07.10.2016, 10:20 Uhr

"Das LKH Hall wird weiter wachsen"

Wolfgang Markl, der Kaufmännische Direktor des Landeskrankenhauses Hall in Tirol, als Gastreferent beim Stadtmarketing-Frühstück (Foto: Stadtmarketing Hall in Tirol)

Wolfgang Markl, der Kaufmännische Direktor des Landeskrankenhauses Hall,
als Gastreferent beim Stadtmarketing-Frühstück

HALL. Der 46jährige Wolfgang Markl ist seit achtzehn Jahren als Direktor in Hall tätig und war maßgeblich in die 2011 stattgefunden Zusammenführung der beiden Krankenanstalten, Psychiatrie und BezirksKrankenhaus, in das heutige Landeskrankenhaus Hall in Tirol eingebunden. Hier sind heute rund 1.300 Mitarbeiter in den unterschiedlichsten Bereichen beschäftigt.
Derzeitige Bauprojekte, wie die Kinder- und Jugendpsychiatrie, das Hospiz, oder das sich im Planungsstadium befindliche neue Gebäude für alle Chirurgischen Fächer, zeigen von der großen und wachsenden Bedeutung des Gesundheitsstandortes. Groß war daher das Interesse von Kaufleuten, Mitarbeitern, Wirtschaftstreibenden, Hauseigentümern und Interessierten der Haller Altstadt beim 9. Haller Stadtmarketing-Frühstück im Hotel Goldener Engel.

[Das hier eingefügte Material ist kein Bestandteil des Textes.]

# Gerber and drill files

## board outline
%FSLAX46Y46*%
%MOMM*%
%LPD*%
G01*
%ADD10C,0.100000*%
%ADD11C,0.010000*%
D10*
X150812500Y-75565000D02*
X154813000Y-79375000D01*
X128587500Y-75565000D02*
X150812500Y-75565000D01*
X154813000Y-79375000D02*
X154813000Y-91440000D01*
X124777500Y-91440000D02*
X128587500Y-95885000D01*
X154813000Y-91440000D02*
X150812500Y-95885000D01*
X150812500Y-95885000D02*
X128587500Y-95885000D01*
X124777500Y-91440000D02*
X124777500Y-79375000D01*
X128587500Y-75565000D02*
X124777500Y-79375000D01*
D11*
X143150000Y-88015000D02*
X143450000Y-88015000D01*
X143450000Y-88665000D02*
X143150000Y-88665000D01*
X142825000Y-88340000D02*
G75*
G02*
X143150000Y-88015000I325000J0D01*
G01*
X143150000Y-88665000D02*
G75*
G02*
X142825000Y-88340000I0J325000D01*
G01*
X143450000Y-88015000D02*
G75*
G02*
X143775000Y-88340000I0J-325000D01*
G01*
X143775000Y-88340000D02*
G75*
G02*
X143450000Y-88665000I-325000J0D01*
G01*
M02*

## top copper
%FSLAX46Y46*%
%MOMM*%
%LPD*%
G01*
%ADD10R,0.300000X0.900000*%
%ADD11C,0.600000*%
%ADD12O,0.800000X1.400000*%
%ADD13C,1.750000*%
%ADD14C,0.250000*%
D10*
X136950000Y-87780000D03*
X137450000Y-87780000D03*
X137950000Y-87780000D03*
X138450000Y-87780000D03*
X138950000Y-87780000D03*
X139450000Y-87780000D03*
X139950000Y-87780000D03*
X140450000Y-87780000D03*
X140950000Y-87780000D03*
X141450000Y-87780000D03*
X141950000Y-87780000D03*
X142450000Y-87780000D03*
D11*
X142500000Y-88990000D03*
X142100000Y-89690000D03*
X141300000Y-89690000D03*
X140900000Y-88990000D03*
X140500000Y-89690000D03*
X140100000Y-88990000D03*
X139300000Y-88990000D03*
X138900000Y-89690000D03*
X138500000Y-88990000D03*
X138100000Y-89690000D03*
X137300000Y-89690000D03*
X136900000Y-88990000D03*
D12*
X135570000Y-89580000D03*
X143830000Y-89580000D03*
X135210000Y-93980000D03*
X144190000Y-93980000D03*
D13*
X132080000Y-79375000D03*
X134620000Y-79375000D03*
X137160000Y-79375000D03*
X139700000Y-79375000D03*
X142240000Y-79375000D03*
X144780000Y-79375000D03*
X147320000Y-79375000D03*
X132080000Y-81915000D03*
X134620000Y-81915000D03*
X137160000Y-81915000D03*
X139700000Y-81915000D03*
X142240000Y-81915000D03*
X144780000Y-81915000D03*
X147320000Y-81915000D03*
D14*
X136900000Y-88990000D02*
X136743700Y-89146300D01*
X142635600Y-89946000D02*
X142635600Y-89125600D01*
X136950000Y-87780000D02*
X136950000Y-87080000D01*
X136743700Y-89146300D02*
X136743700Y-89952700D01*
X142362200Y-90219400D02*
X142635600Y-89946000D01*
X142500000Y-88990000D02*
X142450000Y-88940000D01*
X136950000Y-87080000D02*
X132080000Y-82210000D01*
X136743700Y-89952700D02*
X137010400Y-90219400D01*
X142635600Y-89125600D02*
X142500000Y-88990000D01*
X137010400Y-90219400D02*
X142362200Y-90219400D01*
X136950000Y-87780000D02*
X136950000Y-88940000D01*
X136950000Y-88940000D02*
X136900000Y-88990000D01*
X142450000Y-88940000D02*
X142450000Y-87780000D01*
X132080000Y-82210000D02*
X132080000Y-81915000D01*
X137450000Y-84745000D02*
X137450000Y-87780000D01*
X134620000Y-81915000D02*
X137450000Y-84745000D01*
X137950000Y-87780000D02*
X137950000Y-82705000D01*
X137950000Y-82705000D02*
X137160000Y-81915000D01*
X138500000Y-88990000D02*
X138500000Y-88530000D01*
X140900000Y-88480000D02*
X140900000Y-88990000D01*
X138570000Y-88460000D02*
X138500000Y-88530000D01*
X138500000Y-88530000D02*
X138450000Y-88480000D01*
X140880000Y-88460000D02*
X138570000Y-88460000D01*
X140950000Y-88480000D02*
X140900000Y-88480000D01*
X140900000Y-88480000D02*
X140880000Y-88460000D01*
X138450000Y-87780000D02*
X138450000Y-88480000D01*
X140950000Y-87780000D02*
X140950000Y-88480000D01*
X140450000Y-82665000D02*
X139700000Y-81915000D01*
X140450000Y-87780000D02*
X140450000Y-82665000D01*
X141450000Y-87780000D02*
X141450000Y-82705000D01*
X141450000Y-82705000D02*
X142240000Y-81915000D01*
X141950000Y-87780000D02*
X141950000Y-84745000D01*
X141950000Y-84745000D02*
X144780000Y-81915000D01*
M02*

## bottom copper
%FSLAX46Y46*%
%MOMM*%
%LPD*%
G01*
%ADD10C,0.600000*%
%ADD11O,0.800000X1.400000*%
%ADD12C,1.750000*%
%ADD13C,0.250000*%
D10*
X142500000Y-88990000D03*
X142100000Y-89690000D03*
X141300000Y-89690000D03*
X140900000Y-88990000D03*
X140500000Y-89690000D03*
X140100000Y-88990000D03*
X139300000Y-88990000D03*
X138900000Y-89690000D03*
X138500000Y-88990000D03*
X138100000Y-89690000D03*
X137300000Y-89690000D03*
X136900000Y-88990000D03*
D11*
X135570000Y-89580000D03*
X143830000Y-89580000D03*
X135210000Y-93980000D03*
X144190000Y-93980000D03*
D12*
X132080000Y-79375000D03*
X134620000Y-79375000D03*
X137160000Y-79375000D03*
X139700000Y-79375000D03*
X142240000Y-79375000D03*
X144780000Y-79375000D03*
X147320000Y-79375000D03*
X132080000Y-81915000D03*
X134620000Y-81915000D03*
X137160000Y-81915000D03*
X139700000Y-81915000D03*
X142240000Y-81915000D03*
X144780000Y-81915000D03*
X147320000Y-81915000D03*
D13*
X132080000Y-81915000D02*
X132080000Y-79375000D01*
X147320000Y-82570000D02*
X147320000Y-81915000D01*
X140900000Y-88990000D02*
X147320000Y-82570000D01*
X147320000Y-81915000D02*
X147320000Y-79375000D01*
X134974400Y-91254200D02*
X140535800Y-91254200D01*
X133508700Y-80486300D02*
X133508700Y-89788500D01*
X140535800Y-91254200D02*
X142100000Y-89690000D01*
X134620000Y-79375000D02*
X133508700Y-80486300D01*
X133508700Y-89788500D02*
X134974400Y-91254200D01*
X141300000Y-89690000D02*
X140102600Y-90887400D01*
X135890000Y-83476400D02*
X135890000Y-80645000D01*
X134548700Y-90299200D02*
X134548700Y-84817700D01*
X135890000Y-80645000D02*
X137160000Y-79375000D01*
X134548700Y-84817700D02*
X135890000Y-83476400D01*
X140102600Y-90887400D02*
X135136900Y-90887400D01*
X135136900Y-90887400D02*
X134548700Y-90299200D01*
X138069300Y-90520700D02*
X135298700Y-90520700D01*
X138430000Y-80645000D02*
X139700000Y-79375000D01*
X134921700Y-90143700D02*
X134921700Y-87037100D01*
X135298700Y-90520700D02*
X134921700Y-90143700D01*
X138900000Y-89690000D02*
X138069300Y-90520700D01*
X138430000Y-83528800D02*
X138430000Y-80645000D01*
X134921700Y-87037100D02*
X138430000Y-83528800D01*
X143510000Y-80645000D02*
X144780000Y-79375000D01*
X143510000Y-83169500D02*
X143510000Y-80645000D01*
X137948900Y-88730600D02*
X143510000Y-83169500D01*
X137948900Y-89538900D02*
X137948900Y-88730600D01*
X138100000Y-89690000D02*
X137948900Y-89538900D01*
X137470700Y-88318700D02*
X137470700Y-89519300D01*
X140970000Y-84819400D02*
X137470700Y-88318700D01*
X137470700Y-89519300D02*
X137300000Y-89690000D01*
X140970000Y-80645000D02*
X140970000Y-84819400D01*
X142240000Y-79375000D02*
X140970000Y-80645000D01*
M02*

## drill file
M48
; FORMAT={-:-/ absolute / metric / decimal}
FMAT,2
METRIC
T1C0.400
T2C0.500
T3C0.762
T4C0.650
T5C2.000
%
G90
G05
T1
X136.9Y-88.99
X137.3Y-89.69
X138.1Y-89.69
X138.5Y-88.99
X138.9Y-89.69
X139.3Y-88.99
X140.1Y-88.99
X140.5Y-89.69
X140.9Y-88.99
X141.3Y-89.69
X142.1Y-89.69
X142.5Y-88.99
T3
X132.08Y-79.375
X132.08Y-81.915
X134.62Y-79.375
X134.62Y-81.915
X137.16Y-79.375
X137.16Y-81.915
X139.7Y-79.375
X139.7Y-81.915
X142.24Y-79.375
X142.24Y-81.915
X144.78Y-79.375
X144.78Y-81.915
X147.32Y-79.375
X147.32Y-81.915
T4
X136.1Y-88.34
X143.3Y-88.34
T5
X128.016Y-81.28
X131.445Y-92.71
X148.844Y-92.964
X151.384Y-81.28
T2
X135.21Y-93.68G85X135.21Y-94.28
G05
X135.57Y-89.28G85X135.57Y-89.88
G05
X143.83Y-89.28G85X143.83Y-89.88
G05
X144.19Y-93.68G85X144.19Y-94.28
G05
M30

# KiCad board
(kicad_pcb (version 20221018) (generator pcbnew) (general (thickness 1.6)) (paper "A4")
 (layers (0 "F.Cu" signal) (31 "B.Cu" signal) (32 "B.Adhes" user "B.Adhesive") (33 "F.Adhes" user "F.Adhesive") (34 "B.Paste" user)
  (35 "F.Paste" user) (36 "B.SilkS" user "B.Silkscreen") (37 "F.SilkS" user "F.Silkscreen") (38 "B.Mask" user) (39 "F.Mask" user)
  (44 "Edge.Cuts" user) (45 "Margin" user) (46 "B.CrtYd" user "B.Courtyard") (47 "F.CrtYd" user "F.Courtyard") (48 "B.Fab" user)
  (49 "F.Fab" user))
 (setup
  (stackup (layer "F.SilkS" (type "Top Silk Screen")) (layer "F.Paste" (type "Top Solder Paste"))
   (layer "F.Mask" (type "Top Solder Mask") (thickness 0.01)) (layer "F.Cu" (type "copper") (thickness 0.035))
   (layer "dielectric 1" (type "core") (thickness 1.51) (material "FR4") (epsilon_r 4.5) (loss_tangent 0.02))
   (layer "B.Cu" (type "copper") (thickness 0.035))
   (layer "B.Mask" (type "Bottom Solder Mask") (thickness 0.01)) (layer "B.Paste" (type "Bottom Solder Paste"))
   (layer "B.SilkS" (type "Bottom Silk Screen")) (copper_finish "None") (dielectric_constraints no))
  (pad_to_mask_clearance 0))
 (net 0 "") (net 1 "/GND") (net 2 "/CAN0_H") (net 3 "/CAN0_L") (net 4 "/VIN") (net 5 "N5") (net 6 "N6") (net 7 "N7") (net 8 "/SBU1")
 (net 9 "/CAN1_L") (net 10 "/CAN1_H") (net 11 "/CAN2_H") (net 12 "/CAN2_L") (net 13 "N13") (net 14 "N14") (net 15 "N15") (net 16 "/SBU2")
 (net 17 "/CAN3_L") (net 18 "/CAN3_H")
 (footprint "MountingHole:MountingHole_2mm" (layer "F.Cu") (at 128.016 81.28)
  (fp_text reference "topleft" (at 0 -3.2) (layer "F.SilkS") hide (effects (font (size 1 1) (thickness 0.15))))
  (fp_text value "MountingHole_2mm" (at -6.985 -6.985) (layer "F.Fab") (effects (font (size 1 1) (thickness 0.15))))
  (pad "" np_thru_hole circle (at 0 0) (size 2 2) (drill 2) (layers "*.Cu" "*.Mask")))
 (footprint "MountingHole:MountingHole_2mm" (layer "F.Cu") (at 148.844 92.964)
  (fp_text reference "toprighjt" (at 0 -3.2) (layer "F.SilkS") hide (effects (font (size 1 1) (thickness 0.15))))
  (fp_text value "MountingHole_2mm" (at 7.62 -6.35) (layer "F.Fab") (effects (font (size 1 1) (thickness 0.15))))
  (pad "" np_thru_hole circle (at 0 0) (size 2 2) (drill 2) (layers "F&B.Cu" "*.Mask")))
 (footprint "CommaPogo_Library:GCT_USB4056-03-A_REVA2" (layer "F.Cu") (at 139.7 93.98)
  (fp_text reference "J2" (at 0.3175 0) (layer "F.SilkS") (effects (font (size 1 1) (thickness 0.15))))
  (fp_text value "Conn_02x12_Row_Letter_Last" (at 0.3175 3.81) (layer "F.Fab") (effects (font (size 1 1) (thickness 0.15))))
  (fp_line (start 3.45 -5.965) (end 3.75 -5.965) (stroke (width 0.01) (type solid)) (layer "Edge.Cuts"))
  (fp_line (start 3.75 -5.315) (end 3.45 -5.315) (stroke (width 0.01) (type solid)) (layer "Edge.Cuts"))
  (fp_arc (start 3.125 -5.64) (mid 3.22019 -5.86981) (end 3.45 -5.965) (stroke (width 0.01) (type solid)) (layer "Edge.Cuts"))
  (fp_arc (start 3.45 -5.315) (mid 3.22019 -5.41019) (end 3.125 -5.64) (stroke (width 0.01) (type solid)) (layer "Edge.Cuts"))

Nicht nur aus unternehmerischer Sicht beeindruckend sind die Zahlen, welche Wolfgang Markl, über den laufenden Betrieb zu berichten wusste. Bei einem 100-Mio-Euro-Budget liegen die Personalkosten bei 65 Mio. Euro, die Stromkosten betragen alleine 1 Mio. Euro.
Laufend muss natürlich auch in die Infrastruktur investiert werden. „Es gibt den Spruch, wenn kein Kran steht, dann wird ein Krankenhaus bald zu sperren. Unser Standort wird aber noch wachsen“, blickt Markl positiv in die Zukunft. Ein wichtiges Projekt sei dabei der Neubau für alle Chirurgischen Disziplinen bis 2019, die nördlich der Milserstraße eine neue Heimat finden werde.
Damit die Wege vom Hubschrauberlandeplatz und Schockraum sowie hin zur Diagnostik möglichst kurz und bequem für den Patienten gehalten werden können, wird in 5,5 Meter Höhe eine ca. 100 Meter lange Verbindungsbrücke über die Milserstraße entstehen. „Ich hoffe auf Akzeptanz in der Bevölkerung, dass hier ein höheres Gut als die Optik zählt“, spricht der Kaufmännische Direktor auch Bedenken wegen der Stadtansicht an. Siebzig Millionen Euro werden in diesen Neubau investiert.

Neben kaufmännischen Themen und Brauprojekten sprach Markl auch die Entwicklung im Umgang und der Versorgung der Patienten an. Heute gäbe es keine Götter in Weiß mehr und alle Mitarbeiter vom Portier über das Pflegepersonal bis zu den Ärzten seien angehalten, die Patienten als wertvolle Kunden zu behandeln. „Das Landeskrankenhaus Hall ist eine kleine Stadt in der Stadt und ich freue mich, dass die Zusammenarbeit mit der Gemeinde so gut funktioniert“, erklärte der Kaufmännische Direktor nach einer Fragerunde abschließend.